Das Lynch-Syndrom, eine der häufigsten erblichen Veranlagungen für Krebserkrankungen, verdeutlicht die Komplexität dieser klinischen Aufgabe. Am Klinikum Stuttgart und durch internationale Forschungsprojekte werden Fortschritte in der Identifizierung und dem Management betroffener Personen erzielt.
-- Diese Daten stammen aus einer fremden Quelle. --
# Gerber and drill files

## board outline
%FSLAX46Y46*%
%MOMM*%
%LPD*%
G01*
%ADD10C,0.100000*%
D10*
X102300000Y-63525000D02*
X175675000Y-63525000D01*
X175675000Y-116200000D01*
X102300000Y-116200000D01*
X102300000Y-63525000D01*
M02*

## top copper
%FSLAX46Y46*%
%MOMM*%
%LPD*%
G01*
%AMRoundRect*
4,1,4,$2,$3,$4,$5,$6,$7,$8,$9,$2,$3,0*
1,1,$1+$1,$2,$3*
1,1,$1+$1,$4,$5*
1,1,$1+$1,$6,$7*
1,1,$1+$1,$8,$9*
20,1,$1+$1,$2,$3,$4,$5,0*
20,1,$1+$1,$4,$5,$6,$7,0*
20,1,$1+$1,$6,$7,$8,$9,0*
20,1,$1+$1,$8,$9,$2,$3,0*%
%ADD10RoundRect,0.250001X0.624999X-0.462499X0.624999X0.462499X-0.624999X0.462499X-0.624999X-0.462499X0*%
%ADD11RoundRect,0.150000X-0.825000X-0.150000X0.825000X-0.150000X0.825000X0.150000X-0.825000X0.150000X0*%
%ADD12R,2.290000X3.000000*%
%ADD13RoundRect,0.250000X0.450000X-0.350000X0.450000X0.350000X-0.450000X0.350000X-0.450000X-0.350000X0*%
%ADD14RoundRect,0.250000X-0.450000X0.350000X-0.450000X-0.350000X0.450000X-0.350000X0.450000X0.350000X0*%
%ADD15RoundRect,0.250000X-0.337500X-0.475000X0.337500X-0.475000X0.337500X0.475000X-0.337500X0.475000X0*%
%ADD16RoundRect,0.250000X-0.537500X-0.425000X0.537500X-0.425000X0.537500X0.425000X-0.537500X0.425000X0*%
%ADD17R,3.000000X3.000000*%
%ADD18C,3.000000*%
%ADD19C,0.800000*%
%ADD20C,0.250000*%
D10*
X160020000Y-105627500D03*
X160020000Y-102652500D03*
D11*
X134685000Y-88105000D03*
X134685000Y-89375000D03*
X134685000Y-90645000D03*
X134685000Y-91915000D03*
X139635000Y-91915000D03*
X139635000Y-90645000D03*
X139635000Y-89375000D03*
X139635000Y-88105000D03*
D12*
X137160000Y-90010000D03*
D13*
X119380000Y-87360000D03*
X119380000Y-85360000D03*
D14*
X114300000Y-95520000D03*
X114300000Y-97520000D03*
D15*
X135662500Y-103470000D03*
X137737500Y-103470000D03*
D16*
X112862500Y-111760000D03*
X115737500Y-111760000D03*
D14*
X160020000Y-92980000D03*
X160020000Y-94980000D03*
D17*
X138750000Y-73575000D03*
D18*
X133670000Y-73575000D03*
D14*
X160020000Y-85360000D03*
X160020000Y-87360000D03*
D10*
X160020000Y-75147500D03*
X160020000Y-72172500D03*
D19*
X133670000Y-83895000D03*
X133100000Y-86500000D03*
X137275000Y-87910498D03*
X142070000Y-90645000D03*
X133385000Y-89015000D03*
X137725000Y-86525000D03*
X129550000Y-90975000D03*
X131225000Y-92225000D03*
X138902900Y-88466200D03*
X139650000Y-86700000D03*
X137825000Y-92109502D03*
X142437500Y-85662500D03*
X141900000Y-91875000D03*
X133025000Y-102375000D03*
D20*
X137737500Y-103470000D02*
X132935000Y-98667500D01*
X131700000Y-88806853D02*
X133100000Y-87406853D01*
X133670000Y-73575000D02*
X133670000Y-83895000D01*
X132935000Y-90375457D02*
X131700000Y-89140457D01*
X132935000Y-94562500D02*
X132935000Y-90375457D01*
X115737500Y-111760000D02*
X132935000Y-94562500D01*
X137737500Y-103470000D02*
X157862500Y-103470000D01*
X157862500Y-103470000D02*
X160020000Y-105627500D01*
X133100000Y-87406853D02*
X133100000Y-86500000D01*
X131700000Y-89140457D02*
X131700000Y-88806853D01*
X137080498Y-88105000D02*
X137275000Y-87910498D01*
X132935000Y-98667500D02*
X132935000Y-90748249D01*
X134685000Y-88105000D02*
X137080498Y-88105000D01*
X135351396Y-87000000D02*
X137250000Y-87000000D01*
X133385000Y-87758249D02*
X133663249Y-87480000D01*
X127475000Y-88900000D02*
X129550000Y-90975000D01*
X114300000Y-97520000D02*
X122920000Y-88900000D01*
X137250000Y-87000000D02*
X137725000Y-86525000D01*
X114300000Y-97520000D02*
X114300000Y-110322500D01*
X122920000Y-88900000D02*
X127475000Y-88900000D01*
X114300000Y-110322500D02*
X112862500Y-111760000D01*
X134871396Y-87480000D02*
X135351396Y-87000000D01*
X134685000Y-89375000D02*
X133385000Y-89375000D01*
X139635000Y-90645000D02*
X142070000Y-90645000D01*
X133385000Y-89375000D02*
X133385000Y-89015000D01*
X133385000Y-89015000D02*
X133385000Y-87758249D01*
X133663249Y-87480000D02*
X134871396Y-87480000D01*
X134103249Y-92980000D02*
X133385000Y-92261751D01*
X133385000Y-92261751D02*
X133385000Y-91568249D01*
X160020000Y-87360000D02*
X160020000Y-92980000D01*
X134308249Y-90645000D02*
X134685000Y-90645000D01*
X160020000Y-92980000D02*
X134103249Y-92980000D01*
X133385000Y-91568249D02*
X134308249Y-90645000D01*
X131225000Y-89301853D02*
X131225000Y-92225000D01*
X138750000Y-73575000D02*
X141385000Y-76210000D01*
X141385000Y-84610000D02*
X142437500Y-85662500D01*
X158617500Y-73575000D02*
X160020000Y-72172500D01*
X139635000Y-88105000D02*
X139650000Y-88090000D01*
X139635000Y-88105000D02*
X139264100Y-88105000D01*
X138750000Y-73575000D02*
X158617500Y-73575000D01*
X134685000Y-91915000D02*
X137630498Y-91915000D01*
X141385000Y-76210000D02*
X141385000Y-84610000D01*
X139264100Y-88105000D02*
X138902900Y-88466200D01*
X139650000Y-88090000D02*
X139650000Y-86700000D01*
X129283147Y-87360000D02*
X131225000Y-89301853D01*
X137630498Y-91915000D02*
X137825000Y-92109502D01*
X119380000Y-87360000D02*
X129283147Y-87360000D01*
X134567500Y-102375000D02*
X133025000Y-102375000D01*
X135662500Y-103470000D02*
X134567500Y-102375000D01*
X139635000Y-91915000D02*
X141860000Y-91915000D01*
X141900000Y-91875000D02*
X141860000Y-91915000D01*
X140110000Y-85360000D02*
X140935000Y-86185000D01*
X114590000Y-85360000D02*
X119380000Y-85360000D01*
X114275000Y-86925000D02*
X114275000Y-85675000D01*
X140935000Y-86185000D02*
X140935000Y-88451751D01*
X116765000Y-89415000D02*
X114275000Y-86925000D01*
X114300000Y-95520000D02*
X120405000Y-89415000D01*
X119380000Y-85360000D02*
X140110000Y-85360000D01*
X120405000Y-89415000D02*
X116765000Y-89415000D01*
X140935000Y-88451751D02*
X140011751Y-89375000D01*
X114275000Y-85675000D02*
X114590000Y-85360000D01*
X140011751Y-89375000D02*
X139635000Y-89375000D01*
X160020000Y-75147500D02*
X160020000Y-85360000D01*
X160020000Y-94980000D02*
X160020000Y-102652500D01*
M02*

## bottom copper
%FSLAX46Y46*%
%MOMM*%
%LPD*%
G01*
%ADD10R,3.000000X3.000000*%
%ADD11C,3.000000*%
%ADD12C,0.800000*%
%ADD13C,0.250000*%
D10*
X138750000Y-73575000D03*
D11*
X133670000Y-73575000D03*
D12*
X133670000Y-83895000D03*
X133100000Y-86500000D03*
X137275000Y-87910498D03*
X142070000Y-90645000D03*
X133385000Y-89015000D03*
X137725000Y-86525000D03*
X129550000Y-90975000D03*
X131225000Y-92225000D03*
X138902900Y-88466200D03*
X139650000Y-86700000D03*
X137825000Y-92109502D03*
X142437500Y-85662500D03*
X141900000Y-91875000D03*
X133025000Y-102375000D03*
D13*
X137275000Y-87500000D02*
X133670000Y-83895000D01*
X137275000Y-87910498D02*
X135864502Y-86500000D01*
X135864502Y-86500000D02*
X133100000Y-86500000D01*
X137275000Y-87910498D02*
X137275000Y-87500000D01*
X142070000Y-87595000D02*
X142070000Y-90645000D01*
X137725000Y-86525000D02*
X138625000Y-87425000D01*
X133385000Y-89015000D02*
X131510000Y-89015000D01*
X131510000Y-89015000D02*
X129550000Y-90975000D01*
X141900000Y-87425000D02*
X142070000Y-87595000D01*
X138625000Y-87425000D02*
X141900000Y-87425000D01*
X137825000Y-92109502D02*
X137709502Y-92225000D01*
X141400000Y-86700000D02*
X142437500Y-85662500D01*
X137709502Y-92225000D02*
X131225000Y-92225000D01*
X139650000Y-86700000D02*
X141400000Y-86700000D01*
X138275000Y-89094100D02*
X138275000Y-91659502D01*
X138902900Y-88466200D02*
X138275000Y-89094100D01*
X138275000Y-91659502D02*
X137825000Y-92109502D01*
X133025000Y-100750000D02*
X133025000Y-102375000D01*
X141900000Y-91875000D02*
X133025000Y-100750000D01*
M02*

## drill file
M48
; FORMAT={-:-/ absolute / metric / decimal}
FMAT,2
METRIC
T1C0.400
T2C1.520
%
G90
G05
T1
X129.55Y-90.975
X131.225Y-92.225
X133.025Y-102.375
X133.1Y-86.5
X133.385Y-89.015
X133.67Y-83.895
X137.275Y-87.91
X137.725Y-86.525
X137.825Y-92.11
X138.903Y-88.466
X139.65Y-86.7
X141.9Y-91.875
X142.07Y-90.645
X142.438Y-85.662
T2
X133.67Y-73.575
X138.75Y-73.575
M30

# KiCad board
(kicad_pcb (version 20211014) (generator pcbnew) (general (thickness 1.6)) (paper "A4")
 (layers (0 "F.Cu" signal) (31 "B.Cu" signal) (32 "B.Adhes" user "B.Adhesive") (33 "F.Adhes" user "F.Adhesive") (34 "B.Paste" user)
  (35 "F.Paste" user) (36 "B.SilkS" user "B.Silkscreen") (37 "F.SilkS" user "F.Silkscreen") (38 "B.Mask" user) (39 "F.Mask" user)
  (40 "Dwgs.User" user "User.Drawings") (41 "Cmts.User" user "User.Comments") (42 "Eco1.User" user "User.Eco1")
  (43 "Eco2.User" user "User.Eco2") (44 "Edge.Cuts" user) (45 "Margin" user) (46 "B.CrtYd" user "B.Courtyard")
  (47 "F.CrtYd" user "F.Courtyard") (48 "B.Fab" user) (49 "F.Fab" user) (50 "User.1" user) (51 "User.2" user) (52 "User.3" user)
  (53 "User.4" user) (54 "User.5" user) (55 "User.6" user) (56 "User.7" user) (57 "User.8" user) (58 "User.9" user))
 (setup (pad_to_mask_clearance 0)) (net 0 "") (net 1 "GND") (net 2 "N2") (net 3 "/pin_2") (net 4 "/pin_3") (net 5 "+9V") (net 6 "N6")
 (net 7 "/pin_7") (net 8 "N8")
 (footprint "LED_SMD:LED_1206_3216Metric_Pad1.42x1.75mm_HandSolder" (layer "F.Cu") (at 160.02 104.14 90)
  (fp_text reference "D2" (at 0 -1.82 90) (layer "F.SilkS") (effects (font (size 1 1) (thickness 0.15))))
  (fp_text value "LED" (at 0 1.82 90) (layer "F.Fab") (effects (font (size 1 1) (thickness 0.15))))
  (pad "1" smd roundrect (at -1.4875 0 90) (size 1.425 1.75) (layers "F.Cu" "F.Paste" "F.Mask") (roundrect_rratio 0.1754392982)
   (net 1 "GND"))
  (pad "2" smd roundrect (at 1.4875 0 90) (size 1.425 1.75) (layers "F.Cu" "F.Paste" "F.Mask") (roundrect_rratio 0.1754392982) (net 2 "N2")))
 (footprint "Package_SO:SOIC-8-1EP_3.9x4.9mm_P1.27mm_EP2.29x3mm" (layer "F.Cu") (at 137.16 90.01)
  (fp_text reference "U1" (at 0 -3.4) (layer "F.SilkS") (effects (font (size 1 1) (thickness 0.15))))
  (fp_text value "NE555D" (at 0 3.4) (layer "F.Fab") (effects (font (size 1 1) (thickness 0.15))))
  (pad "" smd roundrect (at 0.57 -0.75) (size 0.92 1.21) (layers "F.Paste") (roundrect_rratio 0.25))
  (pad "" smd roundrect (at 0.57 0.75) (size 0.92 1.21) (layers "F.Paste") (roundrect_rratio 0.25))
  (pad "" smd roundrect (at -0.57 -0.75) (size 0.92 1.21) (layers "F.Paste") (roundrect_rratio 0.25))
  (pad "" smd roundrect (at -0.57 0.75) (size 0.92 1.21) (layers "F.Paste") (roundrect_rratio 0.25))
  (pad "1" smd roundrect (at -2.475 -1.905) (size 1.95 0.6) (layers "F.Cu" "F.Paste" "F.Mask") (roundrect_rratio 0.25) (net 1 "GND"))
  (pad "2" smd roundrect (at -2.475 -0.635) (size 1.95 0.6) (layers "F.Cu" "F.Paste" "F.Mask") (roundrect_rratio 0.25) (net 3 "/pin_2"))
  (pad "3" smd roundrect (at -2.475 0.635) (size 1.95 0.6) (layers "F.Cu" "F.Paste" "F.Mask") (roundrect_rratio 0.25) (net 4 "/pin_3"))
  (pad "4" smd roundrect (at -2.475 1.905) (size 1.95 0.6) (layers "F.Cu" "F.Paste" "F.Mask") (roundrect_rratio 0.25) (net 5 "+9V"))
  (pad "5" smd roundrect (at 2.475 1.905) (size 1.95 0.6) (layers "F.Cu" "F.Paste" "F.Mask") (roundrect_rratio 0.25) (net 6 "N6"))
  (pad "6" smd roundrect (at 2.475 0.635) (size 1.95 0.6) (layers "F.Cu" "F.Paste" "F.Mask") (roundrect_rratio 0.25) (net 3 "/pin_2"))
  (pad "7" smd roundrect (at 2.475 -0.635) (size 1.95 0.6) (layers "F.Cu" "F.Paste" "F.Mask") (roundrect_rratio 0.25) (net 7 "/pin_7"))
  (pad "8" smd roundrect (at 2.475 -1.905) (size 1.95 0.6) (layers "F.Cu" "F.Paste" "F.Mask") (roundrect_rratio 0.25) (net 5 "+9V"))
  (pad "9" smd rect (at 0 0) (size 2.29 3) (layers "F.Cu" "F.Mask")))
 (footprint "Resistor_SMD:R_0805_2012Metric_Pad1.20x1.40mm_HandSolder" (layer "F.Cu") (at 119.38 86.36 90)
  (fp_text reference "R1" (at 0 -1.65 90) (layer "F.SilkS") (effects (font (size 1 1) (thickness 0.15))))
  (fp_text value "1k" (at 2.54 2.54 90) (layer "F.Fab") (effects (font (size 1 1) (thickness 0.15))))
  (pad "1" smd roundrect (at -1 0 90) (size 1.2 1.4) (layers "F.Cu" "F.Paste" "F.Mask") (roundrect_rratio 0.2083333333) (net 5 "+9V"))
  (pad "2" smd roundrect (at 1 0 90) (size 1.2 1.4) (layers "F.Cu" "F.Paste" "F.Mask") (roundrect_rratio 0.2083333333) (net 7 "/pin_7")))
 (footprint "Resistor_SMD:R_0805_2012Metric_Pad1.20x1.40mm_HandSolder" (layer "F.Cu") (at 114.3 96.52 -90)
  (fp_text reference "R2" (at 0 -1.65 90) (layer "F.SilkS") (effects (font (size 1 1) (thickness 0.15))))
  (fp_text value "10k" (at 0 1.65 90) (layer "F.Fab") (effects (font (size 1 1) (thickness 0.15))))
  (pad "1" smd roundrect (at -1 0 270) (size 1.2 1.4) (layers "F.Cu" "F.Paste" "F.Mask") (roundrect_rratio 0.2083333333) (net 7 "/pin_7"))
  (pad "2" smd roundrect (at 1 0 270) (size 1.2 1.4) (layers "F.Cu" "F.Paste" "F.Mask") (roundrect_rratio 0.2083333333) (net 3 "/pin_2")))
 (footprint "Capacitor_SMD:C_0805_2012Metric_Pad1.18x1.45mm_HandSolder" (layer "F.Cu") (at 136.7 103.47)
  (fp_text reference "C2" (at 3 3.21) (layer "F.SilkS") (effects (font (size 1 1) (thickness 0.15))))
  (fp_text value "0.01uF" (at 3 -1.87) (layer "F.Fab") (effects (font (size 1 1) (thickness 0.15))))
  (pad "1" smd roundrect (at -1.0375 0) (size 1.175 1.45) (layers "F.Cu" "F.Paste" "F.Mask") (roundrect_rratio 0.2127659574) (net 6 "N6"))
  (pad "2" smd roundrect (at 1.0375 0) (size 1.175 1.45) (layers "F.Cu" "F.Paste" "F.Mask") (roundrect_rratio 0.2127659574) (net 1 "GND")))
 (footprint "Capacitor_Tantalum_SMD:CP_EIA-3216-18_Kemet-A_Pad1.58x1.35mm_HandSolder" (layer "F.Cu") (at 114.3 111.76)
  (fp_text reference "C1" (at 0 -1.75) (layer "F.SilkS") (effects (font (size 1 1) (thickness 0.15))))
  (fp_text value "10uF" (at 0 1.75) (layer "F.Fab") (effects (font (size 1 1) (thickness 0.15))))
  (pad "1" smd roundrect (at -1.4375 0) (size 1.575 1.35) (layers "F.Cu" "F.Paste" "F.Mask") (roundrect_rratio 0.1851851852)
   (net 3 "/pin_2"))
  (pad "2" smd roundrect (at 1.4375 0) (size 1.575 1.35) (layers "F.Cu" "F.Paste" "F.Mask") (roundrect_rratio 0.1851851852) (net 1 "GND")))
Klinische Herausforderungen am Beispiel multipler Tumore
Die Diagnose eines Lynch-Syndroms folgt oft erst auf die Behandlung mehrerer Krebserkrankungen. Ein klinisches Beispiel hierfür ist die Behandlung von Georgina Hoffmann am Klinikum Stuttgart. Bei der 54-jährigen Patientin wurde eine MSH2-Genmutation nachgewiesen. Ihre medizinische Vorgeschichte ist geprägt von einem Ovarialkarzinom im Jahr 2018 sowie einer Erkrankung an Darmkrebs im Jahr 2021.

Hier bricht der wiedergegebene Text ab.